Return exactly the lines below, starting with the one that has "X119284750Y-66230500D01*" and going on through the one that has "X132.239Y-65.722".

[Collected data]
↓
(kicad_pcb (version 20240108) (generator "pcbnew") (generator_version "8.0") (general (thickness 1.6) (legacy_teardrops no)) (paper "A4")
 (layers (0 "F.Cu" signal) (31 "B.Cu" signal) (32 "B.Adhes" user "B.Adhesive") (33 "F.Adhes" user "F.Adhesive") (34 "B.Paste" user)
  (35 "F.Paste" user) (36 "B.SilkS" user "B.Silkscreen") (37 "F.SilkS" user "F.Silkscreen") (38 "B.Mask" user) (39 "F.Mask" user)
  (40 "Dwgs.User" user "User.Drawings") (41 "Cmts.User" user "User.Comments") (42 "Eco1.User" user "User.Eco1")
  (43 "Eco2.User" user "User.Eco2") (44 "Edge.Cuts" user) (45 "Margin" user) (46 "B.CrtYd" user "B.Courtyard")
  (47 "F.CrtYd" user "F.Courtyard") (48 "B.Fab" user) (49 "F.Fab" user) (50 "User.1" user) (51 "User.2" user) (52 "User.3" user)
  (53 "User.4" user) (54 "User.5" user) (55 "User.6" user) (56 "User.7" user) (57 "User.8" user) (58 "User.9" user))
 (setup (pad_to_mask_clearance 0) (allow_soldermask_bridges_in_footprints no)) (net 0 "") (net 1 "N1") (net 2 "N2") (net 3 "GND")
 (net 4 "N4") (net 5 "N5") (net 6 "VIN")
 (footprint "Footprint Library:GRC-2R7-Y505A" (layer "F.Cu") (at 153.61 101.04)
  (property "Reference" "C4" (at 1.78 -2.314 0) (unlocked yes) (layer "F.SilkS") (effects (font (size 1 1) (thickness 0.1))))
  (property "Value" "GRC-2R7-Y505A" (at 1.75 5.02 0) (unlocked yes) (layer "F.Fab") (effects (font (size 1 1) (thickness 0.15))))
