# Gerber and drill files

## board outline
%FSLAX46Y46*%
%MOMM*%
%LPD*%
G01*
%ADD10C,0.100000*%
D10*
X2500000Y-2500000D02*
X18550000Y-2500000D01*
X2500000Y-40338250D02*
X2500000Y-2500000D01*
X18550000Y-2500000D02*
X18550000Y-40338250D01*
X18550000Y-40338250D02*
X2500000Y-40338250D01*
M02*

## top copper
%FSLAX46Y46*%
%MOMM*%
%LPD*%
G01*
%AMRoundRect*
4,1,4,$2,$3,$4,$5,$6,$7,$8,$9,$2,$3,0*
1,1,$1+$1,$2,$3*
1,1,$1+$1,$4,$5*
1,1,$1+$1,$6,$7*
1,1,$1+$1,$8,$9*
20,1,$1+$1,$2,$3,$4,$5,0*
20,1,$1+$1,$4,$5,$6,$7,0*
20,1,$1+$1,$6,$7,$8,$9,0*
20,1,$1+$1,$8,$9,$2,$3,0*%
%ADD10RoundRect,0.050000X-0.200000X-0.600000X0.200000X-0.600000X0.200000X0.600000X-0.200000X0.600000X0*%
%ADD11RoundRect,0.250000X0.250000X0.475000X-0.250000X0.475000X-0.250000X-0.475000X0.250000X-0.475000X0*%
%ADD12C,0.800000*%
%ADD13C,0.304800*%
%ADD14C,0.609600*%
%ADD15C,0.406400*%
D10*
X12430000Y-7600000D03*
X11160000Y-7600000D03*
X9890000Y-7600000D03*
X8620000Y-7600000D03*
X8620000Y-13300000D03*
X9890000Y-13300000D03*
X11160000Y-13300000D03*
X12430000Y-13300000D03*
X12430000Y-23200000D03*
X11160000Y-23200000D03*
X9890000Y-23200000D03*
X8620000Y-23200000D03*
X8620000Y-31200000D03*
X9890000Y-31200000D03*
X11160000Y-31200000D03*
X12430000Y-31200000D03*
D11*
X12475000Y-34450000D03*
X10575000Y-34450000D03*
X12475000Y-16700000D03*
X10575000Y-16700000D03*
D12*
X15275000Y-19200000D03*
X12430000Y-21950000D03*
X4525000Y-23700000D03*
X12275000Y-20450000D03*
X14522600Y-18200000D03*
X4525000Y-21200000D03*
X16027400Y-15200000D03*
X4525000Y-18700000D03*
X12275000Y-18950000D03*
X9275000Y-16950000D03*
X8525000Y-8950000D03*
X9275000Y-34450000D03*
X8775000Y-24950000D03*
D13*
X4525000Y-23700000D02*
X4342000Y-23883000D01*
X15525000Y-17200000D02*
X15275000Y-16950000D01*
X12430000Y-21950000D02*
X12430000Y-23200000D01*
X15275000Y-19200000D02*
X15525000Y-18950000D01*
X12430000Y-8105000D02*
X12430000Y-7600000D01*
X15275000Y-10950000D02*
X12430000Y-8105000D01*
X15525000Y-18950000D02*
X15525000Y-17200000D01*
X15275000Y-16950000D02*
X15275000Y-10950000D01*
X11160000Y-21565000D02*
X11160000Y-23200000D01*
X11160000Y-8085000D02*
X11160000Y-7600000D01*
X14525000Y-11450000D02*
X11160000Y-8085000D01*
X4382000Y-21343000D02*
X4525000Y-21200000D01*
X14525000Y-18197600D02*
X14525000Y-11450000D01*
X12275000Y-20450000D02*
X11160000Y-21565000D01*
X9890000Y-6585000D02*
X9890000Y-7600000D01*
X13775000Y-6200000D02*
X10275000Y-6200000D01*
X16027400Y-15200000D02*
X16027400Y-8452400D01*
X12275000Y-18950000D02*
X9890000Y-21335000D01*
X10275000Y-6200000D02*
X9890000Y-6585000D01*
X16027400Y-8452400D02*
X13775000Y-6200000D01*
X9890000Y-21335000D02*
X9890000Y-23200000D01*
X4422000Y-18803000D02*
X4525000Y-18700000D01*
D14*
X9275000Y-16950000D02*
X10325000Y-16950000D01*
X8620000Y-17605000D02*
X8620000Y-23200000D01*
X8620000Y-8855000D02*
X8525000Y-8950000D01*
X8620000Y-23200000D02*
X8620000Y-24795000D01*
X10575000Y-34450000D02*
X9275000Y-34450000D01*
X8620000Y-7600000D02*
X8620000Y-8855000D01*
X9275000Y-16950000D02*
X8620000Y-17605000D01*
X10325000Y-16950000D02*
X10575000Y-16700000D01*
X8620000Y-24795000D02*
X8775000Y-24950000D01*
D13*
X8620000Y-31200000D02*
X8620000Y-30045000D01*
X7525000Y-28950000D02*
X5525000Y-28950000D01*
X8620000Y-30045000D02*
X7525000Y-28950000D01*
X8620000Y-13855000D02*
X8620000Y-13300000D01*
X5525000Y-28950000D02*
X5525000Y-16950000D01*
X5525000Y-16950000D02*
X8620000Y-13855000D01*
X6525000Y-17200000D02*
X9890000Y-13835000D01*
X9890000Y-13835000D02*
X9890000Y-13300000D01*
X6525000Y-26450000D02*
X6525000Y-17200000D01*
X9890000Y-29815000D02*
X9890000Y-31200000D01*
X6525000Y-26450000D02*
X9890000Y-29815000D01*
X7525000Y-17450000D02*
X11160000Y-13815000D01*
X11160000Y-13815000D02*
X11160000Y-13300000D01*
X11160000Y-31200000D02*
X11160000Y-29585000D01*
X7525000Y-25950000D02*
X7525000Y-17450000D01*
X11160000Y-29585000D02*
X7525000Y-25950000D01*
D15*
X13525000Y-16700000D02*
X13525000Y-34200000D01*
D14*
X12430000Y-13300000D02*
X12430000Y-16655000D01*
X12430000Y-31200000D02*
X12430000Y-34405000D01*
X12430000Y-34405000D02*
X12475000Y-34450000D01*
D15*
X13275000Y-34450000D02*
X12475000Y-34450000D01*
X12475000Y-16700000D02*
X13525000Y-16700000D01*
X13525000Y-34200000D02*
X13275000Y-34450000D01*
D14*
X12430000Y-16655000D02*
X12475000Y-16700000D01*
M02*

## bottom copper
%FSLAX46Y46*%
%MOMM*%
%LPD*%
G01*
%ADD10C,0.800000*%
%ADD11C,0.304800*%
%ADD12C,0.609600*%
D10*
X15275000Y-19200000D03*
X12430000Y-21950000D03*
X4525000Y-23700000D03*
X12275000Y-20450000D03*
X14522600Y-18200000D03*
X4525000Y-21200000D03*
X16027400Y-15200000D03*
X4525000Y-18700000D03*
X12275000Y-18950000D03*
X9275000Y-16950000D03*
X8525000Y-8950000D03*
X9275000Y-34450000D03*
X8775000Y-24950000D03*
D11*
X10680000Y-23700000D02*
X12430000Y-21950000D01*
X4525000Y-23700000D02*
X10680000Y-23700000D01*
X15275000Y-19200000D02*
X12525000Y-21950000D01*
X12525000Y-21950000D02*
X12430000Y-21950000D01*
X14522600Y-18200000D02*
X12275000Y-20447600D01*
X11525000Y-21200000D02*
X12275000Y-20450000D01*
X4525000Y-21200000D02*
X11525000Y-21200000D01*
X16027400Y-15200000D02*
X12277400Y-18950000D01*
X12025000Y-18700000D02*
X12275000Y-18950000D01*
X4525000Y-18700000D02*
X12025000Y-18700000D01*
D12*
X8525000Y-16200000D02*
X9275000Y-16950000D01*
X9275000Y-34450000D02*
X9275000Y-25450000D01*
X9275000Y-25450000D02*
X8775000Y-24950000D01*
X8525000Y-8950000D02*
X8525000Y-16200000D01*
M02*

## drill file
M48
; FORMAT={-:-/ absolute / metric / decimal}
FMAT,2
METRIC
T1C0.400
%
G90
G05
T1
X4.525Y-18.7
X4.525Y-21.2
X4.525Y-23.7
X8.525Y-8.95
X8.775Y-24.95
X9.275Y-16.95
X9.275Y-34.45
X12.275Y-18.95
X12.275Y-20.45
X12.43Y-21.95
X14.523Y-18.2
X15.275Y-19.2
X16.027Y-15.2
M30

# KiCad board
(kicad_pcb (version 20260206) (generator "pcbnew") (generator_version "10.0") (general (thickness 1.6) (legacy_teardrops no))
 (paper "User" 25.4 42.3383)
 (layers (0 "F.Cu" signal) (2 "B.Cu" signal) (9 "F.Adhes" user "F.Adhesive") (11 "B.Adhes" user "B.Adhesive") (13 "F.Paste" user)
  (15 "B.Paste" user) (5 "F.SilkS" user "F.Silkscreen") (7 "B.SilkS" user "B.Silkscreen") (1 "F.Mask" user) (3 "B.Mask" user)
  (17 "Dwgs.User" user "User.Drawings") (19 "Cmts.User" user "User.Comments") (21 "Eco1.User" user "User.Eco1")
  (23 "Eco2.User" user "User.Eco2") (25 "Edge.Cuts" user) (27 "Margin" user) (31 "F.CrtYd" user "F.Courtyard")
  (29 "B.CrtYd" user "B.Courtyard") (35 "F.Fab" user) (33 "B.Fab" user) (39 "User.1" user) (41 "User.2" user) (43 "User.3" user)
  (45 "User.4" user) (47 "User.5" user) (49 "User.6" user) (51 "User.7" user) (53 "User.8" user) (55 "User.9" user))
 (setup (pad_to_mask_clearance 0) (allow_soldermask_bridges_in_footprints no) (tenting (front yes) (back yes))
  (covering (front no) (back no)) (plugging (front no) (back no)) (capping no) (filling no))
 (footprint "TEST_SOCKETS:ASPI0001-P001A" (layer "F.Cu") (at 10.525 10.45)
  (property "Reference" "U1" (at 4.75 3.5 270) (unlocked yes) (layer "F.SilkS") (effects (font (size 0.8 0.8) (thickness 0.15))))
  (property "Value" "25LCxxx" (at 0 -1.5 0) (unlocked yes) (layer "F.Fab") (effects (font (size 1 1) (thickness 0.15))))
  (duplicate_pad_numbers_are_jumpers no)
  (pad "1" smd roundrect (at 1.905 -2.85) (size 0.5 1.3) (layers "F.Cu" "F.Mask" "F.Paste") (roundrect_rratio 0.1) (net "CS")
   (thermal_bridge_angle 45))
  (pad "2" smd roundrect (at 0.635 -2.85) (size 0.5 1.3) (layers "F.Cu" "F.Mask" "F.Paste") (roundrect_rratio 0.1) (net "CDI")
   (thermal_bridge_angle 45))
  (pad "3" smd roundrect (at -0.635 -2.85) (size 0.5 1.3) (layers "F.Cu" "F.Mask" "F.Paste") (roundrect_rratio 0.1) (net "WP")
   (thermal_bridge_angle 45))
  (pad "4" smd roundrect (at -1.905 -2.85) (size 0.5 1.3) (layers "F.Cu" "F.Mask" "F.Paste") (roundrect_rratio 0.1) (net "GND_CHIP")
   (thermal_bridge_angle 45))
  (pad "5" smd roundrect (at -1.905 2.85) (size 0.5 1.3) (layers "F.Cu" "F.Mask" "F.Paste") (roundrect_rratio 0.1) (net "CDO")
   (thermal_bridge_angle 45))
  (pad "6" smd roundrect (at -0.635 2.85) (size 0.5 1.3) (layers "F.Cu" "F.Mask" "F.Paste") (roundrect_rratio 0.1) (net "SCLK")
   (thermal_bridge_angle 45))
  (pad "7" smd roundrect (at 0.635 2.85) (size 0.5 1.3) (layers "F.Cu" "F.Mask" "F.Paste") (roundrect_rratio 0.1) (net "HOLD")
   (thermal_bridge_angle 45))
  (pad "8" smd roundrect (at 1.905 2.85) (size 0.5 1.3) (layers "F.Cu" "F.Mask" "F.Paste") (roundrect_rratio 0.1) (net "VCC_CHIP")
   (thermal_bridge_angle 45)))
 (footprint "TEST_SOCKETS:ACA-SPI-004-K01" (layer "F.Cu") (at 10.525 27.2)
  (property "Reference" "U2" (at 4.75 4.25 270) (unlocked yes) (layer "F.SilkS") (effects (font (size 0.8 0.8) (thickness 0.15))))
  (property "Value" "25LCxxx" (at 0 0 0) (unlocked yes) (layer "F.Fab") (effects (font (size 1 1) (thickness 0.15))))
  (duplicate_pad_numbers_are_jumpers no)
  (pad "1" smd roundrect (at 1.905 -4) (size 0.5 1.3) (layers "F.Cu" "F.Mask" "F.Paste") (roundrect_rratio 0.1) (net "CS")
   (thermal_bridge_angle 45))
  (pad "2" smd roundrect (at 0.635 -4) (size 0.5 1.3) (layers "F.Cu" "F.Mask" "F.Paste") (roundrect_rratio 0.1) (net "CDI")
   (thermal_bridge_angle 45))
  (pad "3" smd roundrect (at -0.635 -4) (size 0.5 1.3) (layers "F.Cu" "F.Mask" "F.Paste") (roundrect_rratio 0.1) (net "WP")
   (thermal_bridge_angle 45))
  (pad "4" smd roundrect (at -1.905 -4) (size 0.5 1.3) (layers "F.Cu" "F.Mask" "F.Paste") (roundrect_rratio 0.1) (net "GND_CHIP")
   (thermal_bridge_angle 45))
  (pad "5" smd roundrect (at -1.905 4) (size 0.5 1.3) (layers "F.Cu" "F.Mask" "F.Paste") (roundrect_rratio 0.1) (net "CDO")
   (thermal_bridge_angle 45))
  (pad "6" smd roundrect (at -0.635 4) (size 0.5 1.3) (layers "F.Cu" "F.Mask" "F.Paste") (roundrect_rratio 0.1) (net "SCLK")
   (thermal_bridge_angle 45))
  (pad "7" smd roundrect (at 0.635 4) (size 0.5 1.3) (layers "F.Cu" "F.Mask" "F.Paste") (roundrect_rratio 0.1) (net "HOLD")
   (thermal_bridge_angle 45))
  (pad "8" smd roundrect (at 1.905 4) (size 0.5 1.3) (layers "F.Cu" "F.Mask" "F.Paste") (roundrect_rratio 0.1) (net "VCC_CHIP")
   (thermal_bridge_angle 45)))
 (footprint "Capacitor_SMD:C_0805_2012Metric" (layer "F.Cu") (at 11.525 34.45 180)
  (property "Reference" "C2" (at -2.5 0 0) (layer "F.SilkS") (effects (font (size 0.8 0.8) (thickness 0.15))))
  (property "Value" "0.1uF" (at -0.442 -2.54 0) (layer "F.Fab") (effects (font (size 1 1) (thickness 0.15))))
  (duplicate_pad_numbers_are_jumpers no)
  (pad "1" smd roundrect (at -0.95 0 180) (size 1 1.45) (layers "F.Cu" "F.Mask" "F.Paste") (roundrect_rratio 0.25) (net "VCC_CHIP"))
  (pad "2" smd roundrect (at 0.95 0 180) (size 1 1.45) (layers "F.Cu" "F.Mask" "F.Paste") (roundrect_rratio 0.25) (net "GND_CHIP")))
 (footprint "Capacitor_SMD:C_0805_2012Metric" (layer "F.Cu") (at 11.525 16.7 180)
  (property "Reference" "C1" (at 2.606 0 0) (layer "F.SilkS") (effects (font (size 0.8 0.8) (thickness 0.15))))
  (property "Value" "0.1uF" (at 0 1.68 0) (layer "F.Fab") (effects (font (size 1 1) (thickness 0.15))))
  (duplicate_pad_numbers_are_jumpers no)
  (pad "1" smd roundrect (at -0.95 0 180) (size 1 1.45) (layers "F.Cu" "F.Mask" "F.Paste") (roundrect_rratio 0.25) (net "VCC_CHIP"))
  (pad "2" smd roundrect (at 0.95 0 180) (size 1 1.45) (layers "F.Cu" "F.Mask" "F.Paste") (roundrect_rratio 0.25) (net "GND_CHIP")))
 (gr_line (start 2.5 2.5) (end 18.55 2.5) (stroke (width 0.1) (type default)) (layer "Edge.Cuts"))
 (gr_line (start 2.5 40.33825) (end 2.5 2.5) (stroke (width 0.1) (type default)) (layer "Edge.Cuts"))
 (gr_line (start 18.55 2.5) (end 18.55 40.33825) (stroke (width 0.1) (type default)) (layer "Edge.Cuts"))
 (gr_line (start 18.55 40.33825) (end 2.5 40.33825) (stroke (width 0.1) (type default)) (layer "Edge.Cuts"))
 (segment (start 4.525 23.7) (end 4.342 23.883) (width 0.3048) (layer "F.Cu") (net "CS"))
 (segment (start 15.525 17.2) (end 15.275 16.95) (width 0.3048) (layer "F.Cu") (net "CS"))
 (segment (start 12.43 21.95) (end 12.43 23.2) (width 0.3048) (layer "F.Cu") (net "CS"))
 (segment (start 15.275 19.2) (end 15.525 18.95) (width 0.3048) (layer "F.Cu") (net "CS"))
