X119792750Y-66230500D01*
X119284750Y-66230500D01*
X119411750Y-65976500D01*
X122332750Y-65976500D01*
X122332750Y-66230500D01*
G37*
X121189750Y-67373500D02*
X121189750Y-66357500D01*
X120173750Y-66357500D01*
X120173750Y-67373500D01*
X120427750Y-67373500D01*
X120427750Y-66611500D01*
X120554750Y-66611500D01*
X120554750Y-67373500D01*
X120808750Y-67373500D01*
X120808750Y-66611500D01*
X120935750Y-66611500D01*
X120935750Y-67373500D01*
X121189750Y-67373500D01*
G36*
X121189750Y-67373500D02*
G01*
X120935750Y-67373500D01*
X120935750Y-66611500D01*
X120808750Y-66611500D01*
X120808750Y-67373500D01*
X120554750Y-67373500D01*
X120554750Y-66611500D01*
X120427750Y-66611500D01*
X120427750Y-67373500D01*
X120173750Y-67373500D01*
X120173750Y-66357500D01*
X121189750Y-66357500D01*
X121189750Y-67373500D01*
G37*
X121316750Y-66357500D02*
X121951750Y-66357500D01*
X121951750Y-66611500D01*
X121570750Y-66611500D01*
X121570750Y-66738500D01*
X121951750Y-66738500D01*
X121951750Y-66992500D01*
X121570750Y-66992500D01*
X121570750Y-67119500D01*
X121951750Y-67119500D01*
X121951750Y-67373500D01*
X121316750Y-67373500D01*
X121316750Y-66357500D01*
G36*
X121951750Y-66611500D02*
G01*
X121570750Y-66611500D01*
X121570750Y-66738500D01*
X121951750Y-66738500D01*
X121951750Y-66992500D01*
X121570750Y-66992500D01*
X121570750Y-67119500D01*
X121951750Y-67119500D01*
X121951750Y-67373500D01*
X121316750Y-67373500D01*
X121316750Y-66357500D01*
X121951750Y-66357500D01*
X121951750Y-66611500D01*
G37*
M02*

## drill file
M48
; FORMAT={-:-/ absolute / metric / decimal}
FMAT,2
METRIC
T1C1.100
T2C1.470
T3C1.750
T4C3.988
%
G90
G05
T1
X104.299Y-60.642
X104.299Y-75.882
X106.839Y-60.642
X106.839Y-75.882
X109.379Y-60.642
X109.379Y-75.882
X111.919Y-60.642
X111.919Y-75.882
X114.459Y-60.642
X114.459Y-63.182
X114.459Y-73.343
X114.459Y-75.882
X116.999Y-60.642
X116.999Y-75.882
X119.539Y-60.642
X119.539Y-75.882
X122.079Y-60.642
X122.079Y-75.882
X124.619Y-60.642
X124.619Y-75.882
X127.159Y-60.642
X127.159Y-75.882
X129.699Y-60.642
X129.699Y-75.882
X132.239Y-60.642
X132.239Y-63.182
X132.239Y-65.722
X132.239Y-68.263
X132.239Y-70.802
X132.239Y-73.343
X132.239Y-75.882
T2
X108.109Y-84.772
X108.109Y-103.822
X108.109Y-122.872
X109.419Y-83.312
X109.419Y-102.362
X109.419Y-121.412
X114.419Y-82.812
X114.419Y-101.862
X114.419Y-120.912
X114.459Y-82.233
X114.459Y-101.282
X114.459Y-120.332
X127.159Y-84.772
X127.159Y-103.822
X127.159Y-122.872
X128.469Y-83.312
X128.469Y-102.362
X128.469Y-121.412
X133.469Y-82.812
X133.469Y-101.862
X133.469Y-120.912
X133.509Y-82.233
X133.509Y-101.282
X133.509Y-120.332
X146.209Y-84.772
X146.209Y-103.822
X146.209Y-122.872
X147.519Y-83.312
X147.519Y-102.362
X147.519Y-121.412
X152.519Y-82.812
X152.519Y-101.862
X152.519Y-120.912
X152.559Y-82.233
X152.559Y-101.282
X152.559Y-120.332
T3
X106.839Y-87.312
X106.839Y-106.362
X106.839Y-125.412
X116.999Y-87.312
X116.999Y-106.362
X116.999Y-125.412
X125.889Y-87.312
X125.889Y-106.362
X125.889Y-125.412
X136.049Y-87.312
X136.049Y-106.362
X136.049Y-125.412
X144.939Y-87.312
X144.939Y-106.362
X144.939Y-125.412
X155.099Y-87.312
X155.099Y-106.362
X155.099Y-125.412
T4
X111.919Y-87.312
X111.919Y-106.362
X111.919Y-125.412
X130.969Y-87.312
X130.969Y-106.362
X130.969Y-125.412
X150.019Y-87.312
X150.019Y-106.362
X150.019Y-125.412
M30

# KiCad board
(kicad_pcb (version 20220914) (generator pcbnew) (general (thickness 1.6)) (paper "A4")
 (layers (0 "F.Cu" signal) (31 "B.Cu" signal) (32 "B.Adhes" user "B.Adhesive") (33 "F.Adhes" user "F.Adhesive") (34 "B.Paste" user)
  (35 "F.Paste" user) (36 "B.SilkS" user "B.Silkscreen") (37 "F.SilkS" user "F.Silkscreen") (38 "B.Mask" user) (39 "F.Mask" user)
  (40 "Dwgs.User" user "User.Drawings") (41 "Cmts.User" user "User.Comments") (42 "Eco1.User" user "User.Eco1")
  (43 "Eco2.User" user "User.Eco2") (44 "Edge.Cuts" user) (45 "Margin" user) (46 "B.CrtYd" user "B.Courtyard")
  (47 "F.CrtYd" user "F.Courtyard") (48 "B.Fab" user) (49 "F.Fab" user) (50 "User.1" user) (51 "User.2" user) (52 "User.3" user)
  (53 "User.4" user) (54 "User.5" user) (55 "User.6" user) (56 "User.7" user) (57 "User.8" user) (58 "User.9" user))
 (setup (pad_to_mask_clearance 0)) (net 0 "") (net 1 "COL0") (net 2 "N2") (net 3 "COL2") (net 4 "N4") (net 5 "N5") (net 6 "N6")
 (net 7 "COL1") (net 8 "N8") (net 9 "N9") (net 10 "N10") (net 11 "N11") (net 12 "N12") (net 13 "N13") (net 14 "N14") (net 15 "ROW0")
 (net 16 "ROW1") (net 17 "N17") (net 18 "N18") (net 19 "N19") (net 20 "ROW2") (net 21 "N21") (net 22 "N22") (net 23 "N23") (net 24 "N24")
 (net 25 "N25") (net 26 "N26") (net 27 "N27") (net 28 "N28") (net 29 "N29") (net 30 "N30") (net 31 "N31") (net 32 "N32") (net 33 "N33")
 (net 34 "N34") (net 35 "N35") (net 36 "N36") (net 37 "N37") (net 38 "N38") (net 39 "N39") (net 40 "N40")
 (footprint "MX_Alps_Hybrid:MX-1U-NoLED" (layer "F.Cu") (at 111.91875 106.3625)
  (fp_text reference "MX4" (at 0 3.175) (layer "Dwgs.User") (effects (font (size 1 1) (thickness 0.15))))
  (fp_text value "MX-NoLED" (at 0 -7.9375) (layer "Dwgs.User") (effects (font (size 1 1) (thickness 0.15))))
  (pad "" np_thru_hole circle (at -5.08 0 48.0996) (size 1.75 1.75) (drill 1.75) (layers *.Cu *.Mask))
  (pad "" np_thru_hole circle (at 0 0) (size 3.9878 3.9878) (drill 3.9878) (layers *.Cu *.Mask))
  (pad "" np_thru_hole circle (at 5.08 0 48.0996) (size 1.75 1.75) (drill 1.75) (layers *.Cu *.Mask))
↑
### Response area:
X119284750Y-66230500D01*
X119411750Y-65976500D01*
X122332750Y-65976500D01*
X122332750Y-66230500D01*
G37*
X121189750Y-67373500D02*
X121189750Y-66357500D01*
X120173750Y-66357500D01*
X120173750Y-67373500D01*
X120427750Y-67373500D01*
X120427750Y-66611500D01*
X120554750Y-66611500D01*
X120554750Y-67373500D01*
X120808750Y-67373500D01*
X120808750Y-66611500D01*
X120935750Y-66611500D01*
X120935750Y-67373500D01*
X121189750Y-67373500D01*
G36*
X121189750Y-67373500D02*
G01*
X120935750Y-67373500D01*
X120935750Y-66611500D01*
X120808750Y-66611500D01*
X120808750Y-67373500D01*
X120554750Y-67373500D01*
X120554750Y-66611500D01*
X120427750Y-66611500D01*
X120427750Y-67373500D01*
X120173750Y-67373500D01*
X120173750Y-66357500D01*
X121189750Y-66357500D01*
X121189750Y-67373500D01*
G37*
X121316750Y-66357500D02*
X121951750Y-66357500D01*
X121951750Y-66611500D01*
X121570750Y-66611500D01*
X121570750Y-66738500D01*
X121951750Y-66738500D01*
X121951750Y-66992500D01*
X121570750Y-66992500D01*
X121570750Y-67119500D01*
X121951750Y-67119500D01*
X121951750Y-67373500D01*
X121316750Y-67373500D01*
X121316750Y-66357500D01*
G36*
X121951750Y-66611500D02*
G01*
X121570750Y-66611500D01*
X121570750Y-66738500D01*
X121951750Y-66738500D01*
X121951750Y-66992500D01*
X121570750Y-66992500D01*
X121570750Y-67119500D01*
X121951750Y-67119500D01*
X121951750Y-67373500D01*
X121316750Y-67373500D01*
X121316750Y-66357500D01*
X121951750Y-66357500D01*
X121951750Y-66611500D01*
G37*
M02*

## drill file
M48
; FORMAT={-:-/ absolute / metric / decimal}
FMAT,2
METRIC
T1C1.100
T2C1.470
T3C1.750
T4C3.988
%
G90
G05
T1
X104.299Y-60.642
X104.299Y-75.882
X106.839Y-60.642
X106.839Y-75.882
X109.379Y-60.642
X109.379Y-75.882
X111.919Y-60.642
X111.919Y-75.882
X114.459Y-60.642
X114.459Y-63.182
X114.459Y-73.343
X114.459Y-75.882
X116.999Y-60.642
X116.999Y-75.882
X119.539Y-60.642
X119.539Y-75.882
X122.079Y-60.642
X122.079Y-75.882
X124.619Y-60.642
X124.619Y-75.882
X127.159Y-60.642
X127.159Y-75.882
X129.699Y-60.642
X129.699Y-75.882
X132.239Y-60.642
X132.239Y-63.182
X132.239Y-65.722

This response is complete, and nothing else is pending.